Splash Beverage Group received a NYSE notice that it is not meeting continued listing standards. Shareholders’ equity was reported at ($15,300,828), below the $6 million minimum, requiring a remediation plan and potential cure period to regain compliance.

How much was Splash Beverage Group’s shareholders’ equity below NYSE requirements?

As of December 31, 2025, Splash Beverage Group reported shareholders’ equity of ($15,300,828). The NYSE American standard requires at least $6 million, indicating a sizable equity shortfall and prompting the exchange’s noncompliance notice to the company.

What financing transactions did Splash Beverage Group (SBEV) recently complete?

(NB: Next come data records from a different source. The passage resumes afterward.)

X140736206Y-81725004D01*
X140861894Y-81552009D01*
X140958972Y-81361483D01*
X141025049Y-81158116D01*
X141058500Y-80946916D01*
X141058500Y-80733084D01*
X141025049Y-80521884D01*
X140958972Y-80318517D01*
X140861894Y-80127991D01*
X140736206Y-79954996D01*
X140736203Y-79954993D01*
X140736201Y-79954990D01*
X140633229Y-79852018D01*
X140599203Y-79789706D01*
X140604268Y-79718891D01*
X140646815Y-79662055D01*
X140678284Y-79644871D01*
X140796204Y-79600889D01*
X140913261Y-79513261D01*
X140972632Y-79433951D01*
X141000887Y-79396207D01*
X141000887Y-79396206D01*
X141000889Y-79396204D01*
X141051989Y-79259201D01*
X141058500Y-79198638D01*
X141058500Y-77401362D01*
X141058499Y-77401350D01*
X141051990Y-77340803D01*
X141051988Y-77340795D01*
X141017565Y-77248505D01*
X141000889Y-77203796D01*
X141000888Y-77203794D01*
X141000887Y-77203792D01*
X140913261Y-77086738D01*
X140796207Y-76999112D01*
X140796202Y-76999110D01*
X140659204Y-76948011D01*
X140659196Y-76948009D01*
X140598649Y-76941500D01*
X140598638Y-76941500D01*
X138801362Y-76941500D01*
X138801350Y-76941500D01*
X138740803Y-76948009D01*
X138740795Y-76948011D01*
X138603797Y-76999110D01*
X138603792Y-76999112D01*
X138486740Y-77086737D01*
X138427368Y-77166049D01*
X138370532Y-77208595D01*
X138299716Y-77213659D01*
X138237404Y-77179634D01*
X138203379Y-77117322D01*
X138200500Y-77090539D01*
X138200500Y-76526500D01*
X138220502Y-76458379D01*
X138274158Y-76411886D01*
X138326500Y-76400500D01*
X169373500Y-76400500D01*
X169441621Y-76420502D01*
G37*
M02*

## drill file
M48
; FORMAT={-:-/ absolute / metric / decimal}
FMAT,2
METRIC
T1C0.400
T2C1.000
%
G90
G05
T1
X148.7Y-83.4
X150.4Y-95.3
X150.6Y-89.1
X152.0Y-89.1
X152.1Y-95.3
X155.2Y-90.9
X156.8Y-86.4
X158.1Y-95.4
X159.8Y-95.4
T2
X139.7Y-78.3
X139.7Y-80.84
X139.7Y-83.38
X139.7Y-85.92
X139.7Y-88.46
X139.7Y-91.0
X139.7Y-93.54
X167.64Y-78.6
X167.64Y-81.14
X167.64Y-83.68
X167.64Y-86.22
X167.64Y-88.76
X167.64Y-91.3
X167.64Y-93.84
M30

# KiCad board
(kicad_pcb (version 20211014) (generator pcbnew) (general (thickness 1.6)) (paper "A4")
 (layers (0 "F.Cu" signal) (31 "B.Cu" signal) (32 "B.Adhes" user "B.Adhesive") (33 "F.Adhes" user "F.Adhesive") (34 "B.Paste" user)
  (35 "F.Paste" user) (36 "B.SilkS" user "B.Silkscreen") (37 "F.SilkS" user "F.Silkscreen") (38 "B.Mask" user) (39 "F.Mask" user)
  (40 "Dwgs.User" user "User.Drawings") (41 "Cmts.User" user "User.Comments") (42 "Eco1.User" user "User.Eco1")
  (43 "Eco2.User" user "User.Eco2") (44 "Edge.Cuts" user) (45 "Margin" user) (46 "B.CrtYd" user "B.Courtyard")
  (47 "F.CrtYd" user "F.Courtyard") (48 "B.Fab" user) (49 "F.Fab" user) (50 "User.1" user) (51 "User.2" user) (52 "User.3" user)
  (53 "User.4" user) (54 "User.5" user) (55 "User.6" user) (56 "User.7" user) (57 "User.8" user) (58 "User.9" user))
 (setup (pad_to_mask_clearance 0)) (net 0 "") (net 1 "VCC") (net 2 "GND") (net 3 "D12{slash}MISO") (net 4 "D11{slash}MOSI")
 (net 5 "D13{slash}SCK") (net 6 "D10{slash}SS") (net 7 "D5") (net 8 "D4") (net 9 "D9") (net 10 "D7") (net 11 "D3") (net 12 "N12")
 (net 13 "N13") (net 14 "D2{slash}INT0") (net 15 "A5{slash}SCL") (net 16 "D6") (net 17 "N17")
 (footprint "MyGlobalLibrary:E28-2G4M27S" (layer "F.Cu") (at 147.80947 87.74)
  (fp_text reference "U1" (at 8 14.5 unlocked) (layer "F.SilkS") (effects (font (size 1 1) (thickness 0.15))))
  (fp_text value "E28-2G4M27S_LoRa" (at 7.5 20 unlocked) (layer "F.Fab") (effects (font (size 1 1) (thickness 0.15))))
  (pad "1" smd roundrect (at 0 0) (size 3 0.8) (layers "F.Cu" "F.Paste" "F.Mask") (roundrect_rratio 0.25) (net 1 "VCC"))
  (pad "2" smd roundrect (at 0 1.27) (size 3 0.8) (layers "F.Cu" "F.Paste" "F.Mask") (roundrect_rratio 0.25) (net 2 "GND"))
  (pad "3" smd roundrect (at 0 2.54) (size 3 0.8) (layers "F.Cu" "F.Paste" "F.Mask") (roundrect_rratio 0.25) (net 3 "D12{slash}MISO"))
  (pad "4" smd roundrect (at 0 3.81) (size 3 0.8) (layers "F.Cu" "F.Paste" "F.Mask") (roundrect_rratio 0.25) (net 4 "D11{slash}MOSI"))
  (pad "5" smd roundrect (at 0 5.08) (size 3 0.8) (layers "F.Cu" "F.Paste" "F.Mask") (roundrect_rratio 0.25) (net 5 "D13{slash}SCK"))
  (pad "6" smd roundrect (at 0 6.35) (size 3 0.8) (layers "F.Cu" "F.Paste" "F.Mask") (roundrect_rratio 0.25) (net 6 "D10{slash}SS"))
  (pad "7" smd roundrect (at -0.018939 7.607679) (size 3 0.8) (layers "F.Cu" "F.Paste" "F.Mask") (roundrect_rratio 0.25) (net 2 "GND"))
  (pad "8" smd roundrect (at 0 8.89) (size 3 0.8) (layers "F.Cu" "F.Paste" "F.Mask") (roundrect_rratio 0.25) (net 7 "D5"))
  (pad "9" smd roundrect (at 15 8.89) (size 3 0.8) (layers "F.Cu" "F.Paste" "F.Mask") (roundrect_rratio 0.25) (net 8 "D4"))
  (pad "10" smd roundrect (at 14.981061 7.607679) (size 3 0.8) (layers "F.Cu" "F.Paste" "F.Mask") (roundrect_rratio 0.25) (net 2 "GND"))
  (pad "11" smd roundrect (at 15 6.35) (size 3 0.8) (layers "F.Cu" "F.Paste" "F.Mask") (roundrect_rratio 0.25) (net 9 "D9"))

The company borrowed $30,000, sold $200,000 of Series A-1 Convertible Preferred Stock, granted VWAP-based stock purchase options, and issued warrants for 50,000 common shares. It also agreed to swap outstanding Series D preferred stock for 227,200 common shares, pending NYSE approval.

What are the key terms of Splash Beverage’s Series A-1 Convertible Preferred Stock?

The Series A-1 pays a 12% annual cumulative dividend, convertible at the lower of $4.00 or 80% of the five-day VWAP, with a $1.25 floor. The conversion right runs until May 27, 2027, after which the company may redeem the Series A-1 shares.

How could the Medterra CBD merger affect Splash Beverage’s NYSE compliance?

Splash Beverage points to a potential merger with Medterra CBD, LLC as part of its response to the NYSE. Management believes closing this business combination could help meet shareholders’ equity standards, but it still requires a definitive agreement, financing, approvals and NYSE acceptance.

What dilution risks did Splash Beverage Group highlight for SBEV shareholders?

The company stated that issuing common stock upon exercise of options, conversion of preferred shares, and exercise of warrants described in the filing will create potential dilution. This includes VWAP-discounted options, convertible Series A-1 preferred and 50,000 warrants at $4.00 per share.